▶ THE PROBLEM
Go through the records line by line from the top and repeat each one exactly, ending with the line that contains "X112138000Y-95504000D01*".

***** SOURCE MATERIAL

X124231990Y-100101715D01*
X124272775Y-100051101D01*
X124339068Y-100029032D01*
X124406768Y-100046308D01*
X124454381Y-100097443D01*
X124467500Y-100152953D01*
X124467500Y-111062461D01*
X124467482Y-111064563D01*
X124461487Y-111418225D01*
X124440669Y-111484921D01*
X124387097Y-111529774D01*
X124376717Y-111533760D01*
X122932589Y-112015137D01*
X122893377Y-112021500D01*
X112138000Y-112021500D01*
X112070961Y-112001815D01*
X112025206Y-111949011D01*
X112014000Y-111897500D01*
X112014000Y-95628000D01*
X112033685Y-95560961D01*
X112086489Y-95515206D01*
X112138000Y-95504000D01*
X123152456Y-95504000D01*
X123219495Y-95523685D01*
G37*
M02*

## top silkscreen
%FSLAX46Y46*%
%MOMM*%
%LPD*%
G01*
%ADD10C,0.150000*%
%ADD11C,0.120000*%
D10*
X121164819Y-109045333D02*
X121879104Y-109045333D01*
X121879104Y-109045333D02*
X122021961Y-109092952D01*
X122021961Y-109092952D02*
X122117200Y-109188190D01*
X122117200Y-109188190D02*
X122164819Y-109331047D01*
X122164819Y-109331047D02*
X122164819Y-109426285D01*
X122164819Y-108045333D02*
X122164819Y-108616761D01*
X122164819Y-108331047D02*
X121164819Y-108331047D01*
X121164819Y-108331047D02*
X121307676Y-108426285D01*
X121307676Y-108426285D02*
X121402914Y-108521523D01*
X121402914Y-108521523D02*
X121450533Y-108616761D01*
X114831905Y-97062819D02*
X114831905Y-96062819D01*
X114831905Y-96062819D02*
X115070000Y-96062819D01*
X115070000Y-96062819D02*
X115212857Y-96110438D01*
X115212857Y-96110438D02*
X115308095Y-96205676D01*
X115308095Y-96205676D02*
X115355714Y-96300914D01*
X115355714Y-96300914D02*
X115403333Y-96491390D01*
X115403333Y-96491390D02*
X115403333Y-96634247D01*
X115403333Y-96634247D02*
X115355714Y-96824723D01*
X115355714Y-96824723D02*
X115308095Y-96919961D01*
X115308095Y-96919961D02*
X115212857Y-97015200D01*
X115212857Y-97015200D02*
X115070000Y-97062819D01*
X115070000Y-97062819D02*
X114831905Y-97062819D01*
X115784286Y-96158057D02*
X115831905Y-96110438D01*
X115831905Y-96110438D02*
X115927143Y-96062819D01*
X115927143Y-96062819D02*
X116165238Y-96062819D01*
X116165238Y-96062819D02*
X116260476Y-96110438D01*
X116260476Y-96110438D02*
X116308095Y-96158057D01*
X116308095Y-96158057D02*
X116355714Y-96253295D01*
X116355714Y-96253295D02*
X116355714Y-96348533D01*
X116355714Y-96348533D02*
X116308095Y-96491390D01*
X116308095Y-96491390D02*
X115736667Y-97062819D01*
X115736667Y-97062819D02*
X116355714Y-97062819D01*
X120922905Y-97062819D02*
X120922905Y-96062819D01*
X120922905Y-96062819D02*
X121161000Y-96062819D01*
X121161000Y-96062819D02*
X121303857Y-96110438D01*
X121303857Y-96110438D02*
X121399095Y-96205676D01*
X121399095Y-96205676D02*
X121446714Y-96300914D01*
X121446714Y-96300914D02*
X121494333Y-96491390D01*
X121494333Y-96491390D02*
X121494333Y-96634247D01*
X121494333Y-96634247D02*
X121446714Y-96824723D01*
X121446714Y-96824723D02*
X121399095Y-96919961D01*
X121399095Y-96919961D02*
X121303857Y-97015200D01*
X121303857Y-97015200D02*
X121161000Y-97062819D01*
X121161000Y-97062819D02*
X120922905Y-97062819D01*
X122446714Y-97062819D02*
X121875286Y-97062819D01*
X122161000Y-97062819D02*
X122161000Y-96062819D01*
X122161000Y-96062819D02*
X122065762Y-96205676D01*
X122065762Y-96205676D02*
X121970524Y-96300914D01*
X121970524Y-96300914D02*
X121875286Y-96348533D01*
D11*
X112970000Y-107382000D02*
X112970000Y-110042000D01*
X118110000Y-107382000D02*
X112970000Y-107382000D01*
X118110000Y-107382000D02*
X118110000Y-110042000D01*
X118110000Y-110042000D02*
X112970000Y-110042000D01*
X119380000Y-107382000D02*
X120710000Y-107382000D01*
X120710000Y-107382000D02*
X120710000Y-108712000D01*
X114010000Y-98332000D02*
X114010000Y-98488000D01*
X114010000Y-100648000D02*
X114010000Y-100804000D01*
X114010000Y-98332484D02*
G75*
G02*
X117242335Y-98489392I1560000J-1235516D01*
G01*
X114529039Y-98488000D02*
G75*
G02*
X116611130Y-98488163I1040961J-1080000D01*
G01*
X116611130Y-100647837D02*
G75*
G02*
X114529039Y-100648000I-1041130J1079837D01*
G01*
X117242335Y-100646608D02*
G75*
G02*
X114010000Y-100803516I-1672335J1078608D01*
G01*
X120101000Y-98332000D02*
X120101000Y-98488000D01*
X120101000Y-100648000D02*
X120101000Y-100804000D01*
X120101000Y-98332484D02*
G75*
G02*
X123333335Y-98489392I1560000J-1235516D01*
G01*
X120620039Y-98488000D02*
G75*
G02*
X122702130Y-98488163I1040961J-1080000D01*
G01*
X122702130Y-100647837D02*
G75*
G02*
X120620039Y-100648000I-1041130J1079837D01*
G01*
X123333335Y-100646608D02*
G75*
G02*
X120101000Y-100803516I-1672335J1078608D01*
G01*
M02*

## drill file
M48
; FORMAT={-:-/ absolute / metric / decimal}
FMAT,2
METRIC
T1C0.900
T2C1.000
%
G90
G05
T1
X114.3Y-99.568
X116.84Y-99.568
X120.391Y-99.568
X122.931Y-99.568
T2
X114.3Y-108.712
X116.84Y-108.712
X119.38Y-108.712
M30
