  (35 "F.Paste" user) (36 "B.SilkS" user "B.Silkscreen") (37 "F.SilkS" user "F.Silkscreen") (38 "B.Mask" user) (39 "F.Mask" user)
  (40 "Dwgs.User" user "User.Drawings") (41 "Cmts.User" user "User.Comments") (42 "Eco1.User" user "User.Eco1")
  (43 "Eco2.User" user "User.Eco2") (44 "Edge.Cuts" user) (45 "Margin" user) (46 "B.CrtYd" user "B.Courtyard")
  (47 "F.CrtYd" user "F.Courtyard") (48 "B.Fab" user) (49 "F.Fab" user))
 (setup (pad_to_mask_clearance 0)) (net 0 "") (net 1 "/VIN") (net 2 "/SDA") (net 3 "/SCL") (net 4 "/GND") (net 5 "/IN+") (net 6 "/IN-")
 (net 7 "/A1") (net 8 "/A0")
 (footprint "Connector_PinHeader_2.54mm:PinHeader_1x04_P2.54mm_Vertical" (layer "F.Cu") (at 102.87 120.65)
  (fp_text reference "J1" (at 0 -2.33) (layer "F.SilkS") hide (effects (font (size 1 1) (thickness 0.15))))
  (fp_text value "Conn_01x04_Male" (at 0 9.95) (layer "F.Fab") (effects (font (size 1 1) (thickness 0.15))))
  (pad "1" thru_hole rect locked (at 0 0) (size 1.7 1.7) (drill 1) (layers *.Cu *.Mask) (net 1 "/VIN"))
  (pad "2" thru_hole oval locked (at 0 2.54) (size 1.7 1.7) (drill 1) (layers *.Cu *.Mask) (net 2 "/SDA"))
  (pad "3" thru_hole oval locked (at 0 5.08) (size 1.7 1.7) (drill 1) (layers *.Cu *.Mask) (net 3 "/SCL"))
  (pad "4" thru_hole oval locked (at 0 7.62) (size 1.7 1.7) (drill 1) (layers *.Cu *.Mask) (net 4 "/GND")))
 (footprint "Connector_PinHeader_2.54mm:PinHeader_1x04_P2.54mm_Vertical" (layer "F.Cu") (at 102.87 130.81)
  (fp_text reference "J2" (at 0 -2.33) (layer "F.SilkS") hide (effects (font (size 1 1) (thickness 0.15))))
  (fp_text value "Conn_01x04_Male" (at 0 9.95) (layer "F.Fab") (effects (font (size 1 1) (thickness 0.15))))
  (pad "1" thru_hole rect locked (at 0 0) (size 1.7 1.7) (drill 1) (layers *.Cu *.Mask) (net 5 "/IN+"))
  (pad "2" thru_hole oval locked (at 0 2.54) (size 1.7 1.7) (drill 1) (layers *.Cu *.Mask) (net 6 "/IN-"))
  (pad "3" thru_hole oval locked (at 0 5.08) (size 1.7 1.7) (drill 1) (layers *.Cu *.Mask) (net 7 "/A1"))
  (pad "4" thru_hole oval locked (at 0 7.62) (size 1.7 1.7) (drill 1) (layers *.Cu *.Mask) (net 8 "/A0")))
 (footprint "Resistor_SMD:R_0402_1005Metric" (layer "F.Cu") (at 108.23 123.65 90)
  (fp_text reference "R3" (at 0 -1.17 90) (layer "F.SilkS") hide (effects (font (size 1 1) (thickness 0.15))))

**********

▶ ANSWER TO THIS TASK
X124231990Y-100101715D01*
X124272775Y-100051101D01*
X124339068Y-100029032D01*
X124406768Y-100046308D01*
X124454381Y-100097443D01*
X124467500Y-100152953D01*
X124467500Y-111062461D01*
X124467482Y-111064563D01*
X124461487Y-111418225D01*
X124440669Y-111484921D01*
X124387097Y-111529774D01*
X124376717Y-111533760D01*
X122932589Y-112015137D01*
X122893377Y-112021500D01*
X112138000Y-112021500D01*
X112070961Y-112001815D01*
X112025206Y-111949011D01*
X112014000Y-111897500D01*
X112014000Y-95628000D01*
X112033685Y-95560961D01*
X112086489Y-95515206D01*
X112138000Y-95504000D01*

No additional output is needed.